### Work to complete
Look through the material below. Return exactly the lines from the one with "X135785000Y-122195000D01*" through the one with "X184987500Y-117550000D03*", both included.

### Information shown

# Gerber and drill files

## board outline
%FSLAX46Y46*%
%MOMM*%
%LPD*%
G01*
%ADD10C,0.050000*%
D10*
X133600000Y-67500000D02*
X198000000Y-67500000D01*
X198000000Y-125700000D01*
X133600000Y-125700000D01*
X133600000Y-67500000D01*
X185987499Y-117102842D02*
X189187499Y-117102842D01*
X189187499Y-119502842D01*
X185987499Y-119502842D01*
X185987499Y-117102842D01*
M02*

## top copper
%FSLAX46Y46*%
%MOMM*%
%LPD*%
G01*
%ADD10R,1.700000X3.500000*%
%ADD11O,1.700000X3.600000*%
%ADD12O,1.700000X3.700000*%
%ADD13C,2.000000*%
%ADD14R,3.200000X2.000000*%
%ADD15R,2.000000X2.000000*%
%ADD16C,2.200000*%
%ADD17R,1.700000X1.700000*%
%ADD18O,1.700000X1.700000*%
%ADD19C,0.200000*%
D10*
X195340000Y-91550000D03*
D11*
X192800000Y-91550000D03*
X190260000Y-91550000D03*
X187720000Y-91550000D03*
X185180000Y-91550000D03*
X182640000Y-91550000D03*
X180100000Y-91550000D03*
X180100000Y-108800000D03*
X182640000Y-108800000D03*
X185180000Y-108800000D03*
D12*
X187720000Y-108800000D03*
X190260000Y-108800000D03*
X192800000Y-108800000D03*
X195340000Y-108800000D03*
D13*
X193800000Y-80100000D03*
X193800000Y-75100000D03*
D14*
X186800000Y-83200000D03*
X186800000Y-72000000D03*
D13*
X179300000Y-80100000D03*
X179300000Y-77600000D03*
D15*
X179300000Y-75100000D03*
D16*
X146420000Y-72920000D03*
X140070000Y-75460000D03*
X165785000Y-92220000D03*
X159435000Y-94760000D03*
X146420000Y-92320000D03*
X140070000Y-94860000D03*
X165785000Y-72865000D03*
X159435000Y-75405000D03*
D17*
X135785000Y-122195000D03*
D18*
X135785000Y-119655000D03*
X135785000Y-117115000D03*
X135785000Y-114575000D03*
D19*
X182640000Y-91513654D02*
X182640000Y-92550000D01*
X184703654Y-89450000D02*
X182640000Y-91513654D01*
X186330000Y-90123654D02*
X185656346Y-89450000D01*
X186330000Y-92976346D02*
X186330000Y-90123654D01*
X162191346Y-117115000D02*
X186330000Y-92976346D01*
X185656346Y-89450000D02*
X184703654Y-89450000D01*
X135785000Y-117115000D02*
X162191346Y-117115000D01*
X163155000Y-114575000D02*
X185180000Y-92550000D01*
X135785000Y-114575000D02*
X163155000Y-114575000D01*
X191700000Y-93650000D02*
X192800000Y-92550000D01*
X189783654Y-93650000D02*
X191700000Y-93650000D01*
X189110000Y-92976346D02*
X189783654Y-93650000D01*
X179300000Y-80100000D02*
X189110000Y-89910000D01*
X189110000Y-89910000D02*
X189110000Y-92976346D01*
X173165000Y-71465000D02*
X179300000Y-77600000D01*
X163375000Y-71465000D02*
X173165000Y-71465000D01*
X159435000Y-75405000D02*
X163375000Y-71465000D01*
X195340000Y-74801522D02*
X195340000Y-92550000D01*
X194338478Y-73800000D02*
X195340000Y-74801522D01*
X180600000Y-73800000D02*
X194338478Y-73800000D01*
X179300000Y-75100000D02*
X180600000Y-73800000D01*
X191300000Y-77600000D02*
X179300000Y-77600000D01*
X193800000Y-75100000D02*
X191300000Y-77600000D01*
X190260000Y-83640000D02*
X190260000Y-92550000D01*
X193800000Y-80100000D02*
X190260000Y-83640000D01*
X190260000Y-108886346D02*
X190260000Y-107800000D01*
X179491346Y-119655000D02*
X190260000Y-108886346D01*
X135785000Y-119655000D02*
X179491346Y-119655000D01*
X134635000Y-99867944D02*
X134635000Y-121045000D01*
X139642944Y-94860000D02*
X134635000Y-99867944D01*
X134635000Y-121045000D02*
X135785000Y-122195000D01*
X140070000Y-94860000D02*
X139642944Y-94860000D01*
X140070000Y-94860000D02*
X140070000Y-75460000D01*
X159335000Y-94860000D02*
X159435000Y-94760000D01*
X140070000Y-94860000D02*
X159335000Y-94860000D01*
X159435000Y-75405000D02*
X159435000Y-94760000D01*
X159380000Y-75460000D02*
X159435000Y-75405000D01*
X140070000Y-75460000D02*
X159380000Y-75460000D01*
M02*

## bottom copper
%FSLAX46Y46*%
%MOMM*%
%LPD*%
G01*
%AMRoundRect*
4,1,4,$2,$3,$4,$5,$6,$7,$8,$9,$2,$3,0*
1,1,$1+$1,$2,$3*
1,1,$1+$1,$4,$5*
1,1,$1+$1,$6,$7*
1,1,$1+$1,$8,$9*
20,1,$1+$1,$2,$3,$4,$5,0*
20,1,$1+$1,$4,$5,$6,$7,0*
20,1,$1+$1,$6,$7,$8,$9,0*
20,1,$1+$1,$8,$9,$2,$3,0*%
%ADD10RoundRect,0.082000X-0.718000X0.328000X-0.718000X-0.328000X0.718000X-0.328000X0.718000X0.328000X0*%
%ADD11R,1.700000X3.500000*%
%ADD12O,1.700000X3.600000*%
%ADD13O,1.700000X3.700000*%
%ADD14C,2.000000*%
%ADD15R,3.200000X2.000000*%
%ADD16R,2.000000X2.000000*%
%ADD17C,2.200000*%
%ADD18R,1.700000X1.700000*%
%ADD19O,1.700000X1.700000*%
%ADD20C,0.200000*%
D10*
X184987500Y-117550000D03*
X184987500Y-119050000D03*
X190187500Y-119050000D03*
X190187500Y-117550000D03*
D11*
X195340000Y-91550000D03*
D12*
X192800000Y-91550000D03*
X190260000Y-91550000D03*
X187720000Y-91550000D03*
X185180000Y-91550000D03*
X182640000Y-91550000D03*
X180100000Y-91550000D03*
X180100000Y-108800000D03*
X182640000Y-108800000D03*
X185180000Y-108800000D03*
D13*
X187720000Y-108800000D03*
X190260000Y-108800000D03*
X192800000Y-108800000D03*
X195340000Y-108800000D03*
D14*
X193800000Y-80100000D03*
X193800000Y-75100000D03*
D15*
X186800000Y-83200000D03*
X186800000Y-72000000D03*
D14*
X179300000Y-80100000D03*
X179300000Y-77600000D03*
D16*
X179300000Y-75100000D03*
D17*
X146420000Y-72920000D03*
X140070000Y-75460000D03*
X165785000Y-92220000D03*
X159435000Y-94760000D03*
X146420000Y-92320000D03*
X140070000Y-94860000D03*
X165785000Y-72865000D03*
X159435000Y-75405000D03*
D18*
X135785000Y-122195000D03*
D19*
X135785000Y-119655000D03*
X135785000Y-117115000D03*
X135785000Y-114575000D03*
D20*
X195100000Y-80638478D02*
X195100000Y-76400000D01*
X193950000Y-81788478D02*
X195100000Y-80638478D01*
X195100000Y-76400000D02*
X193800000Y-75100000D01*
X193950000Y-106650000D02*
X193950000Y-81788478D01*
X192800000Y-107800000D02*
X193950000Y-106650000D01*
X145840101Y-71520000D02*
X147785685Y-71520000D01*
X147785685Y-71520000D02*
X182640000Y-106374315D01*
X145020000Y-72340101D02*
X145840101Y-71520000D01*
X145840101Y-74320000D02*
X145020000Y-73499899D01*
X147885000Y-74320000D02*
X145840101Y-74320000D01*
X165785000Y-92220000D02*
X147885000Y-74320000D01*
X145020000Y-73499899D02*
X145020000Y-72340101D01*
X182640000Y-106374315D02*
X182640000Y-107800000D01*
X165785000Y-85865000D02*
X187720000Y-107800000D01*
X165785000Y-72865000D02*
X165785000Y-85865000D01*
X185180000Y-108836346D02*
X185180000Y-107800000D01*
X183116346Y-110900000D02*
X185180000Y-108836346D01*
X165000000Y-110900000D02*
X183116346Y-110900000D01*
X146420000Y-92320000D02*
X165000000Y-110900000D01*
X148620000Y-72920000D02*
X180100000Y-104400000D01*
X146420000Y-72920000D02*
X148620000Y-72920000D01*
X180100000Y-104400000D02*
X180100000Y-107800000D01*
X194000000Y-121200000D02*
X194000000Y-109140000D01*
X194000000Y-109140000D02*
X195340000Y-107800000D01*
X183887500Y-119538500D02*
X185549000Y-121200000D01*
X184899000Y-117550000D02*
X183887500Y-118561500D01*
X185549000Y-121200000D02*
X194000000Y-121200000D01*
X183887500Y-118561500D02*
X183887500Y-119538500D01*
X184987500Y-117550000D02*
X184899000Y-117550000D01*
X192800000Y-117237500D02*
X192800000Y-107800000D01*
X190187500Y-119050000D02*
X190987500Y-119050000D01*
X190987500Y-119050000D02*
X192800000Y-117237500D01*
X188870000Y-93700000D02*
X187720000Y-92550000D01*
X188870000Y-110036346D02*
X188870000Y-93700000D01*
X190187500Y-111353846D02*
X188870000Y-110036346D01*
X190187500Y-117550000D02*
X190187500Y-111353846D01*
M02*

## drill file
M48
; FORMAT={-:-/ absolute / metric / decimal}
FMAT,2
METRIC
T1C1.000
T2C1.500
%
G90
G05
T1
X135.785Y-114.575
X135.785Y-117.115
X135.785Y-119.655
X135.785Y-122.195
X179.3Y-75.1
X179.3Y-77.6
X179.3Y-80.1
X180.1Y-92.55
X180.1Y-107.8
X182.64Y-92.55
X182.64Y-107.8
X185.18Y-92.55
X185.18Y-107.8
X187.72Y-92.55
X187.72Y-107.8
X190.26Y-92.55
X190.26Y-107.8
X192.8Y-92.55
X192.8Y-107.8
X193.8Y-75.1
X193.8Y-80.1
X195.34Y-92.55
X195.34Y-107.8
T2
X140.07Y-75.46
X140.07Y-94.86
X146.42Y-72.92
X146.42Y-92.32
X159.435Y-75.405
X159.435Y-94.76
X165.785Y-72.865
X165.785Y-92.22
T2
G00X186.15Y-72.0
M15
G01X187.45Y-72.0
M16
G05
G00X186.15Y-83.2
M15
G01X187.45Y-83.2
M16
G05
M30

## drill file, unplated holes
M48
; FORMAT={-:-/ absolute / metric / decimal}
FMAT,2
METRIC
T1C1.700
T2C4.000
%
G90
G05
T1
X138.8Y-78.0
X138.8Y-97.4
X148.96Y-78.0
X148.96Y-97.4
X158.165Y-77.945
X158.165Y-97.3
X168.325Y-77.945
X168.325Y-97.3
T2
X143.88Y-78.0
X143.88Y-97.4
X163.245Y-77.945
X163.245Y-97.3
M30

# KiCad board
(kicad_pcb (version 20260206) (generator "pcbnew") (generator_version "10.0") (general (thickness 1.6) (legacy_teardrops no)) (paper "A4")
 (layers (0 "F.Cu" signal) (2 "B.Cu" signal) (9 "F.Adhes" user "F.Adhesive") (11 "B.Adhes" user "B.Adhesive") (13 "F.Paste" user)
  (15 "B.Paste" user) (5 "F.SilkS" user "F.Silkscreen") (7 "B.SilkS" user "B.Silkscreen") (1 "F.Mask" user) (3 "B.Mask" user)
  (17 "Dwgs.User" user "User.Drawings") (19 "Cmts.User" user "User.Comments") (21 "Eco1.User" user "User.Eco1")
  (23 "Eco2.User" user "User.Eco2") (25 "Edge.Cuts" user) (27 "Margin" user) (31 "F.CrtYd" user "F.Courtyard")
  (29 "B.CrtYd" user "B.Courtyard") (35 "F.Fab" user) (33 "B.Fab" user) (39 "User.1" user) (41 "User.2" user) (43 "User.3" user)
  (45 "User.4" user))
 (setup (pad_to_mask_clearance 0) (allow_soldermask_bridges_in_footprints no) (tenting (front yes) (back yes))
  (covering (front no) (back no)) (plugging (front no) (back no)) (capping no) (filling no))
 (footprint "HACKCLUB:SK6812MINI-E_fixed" (layer "F.Cu") (at 187.587499 118.402842)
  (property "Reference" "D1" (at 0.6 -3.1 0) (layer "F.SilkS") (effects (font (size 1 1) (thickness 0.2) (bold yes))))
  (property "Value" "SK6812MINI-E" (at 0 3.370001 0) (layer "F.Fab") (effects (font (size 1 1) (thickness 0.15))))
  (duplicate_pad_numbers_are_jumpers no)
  (fp_rect (start -1.6 -1.3) (end 1.6 1.1) (stroke (width 0.05) (type default)) (fill no) (layer "Edge.Cuts"))
  (pad "1" smd roundrect (at -2.599999 -0.852842 270) (size 0.82 1.6) (layers "B.Cu" "B.Mask" "B.Paste") (roundrect_rratio 0.1)
   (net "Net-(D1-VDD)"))
  (pad "2" smd roundrect (at -2.599999 0.647158 270) (size 0.82 1.6) (layers "B.Cu" "B.Mask" "B.Paste") (roundrect_rratio 0.1)
   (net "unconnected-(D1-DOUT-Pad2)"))
  (pad "3" smd roundrect (at 2.600001 0.647158 270) (size 0.82 1.6) (layers "B.Cu" "B.Mask" "B.Paste") (roundrect_rratio 0.1) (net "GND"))
  (pad "4" smd roundrect (at 2.600001 -0.852842 270) (size 0.82 1.6) (layers "B.Cu" "B.Mask" "B.Paste") (roundrect_rratio 0.1)
   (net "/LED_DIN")))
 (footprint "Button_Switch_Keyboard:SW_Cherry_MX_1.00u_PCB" (layer "F.Cu") (at 165.785 72.865)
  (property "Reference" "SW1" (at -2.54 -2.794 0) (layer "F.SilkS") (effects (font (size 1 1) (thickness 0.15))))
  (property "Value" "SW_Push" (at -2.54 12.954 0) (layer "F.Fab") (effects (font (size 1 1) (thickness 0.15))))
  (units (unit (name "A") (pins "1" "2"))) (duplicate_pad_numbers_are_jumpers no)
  (pad "" np_thru_hole circle (at -7.62 5.08) (size 1.7 1.7) (drill 1.7) (layers "*.Cu" "*.Mask"))
  (pad "" np_thru_hole circle (at -2.54 5.08) (size 4 4) (drill 4) (layers "*.Cu" "*.Mask"))
  (pad "" np_thru_hole circle (at 2.54 5.08) (size 1.7 1.7) (drill 1.7) (layers "*.Cu" "*.Mask"))
  (pad "1" thru_hole circle (at 0 0) (size 2.2 2.2) (drill 1.5) (layers "*.Cu" "*.Mask") (remove_unused_layers no)
   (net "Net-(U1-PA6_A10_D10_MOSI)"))
  (pad "2" thru_hole circle (at -6.35 2.54) (size 2.2 2.2) (drill 1.5) (layers "*.Cu" "*.Mask") (remove_unused_layers no) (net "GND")))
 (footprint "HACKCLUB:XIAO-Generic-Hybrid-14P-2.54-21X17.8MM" (layer "F.Cu") (at 187.72 100.175 -90)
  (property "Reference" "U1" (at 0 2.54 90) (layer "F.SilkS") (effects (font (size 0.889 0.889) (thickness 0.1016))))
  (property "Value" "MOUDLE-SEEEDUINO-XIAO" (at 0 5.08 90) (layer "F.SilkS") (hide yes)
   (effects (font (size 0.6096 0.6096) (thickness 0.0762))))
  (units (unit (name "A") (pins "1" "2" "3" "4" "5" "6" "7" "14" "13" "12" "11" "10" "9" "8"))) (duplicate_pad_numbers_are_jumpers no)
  (pad "1" thru_hole rect (at -7.625 -7.62 270) (size 3.5 1.7) (drill 1 (offset -1 0)) (layers "*.Cu" "*.Mask") (remove_unused_layers no)
   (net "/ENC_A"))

### Solution to this problem
X135785000Y-122195000D01*
X140070000Y-94860000D02*
X139642944Y-94860000D01*
X140070000Y-94860000D02*
X140070000Y-75460000D01*
X159335000Y-94860000D02*
X159435000Y-94760000D01*
X140070000Y-94860000D02*
X159335000Y-94860000D01*
X159435000Y-75405000D02*
X159435000Y-94760000D01*
X159380000Y-75460000D02*
X159435000Y-75405000D01*
X140070000Y-75460000D02*
X159380000Y-75460000D01*
M02*

## bottom copper
%FSLAX46Y46*%
%MOMM*%
%LPD*%
G01*
%AMRoundRect*
4,1,4,$2,$3,$4,$5,$6,$7,$8,$9,$2,$3,0*
1,1,$1+$1,$2,$3*
1,1,$1+$1,$4,$5*
1,1,$1+$1,$6,$7*
1,1,$1+$1,$8,$9*
20,1,$1+$1,$2,$3,$4,$5,0*
20,1,$1+$1,$4,$5,$6,$7,0*
20,1,$1+$1,$6,$7,$8,$9,0*
20,1,$1+$1,$8,$9,$2,$3,0*%
%ADD10RoundRect,0.082000X-0.718000X0.328000X-0.718000X-0.328000X0.718000X-0.328000X0.718000X0.328000X0*%
%ADD11R,1.700000X3.500000*%
%ADD12O,1.700000X3.600000*%
%ADD13O,1.700000X3.700000*%
%ADD14C,2.000000*%
%ADD15R,3.200000X2.000000*%
%ADD16R,2.000000X2.000000*%
%ADD17C,2.200000*%
%ADD18R,1.700000X1.700000*%
%ADD19O,1.700000X1.700000*%
%ADD20C,0.200000*%
D10*
X184987500Y-117550000D03*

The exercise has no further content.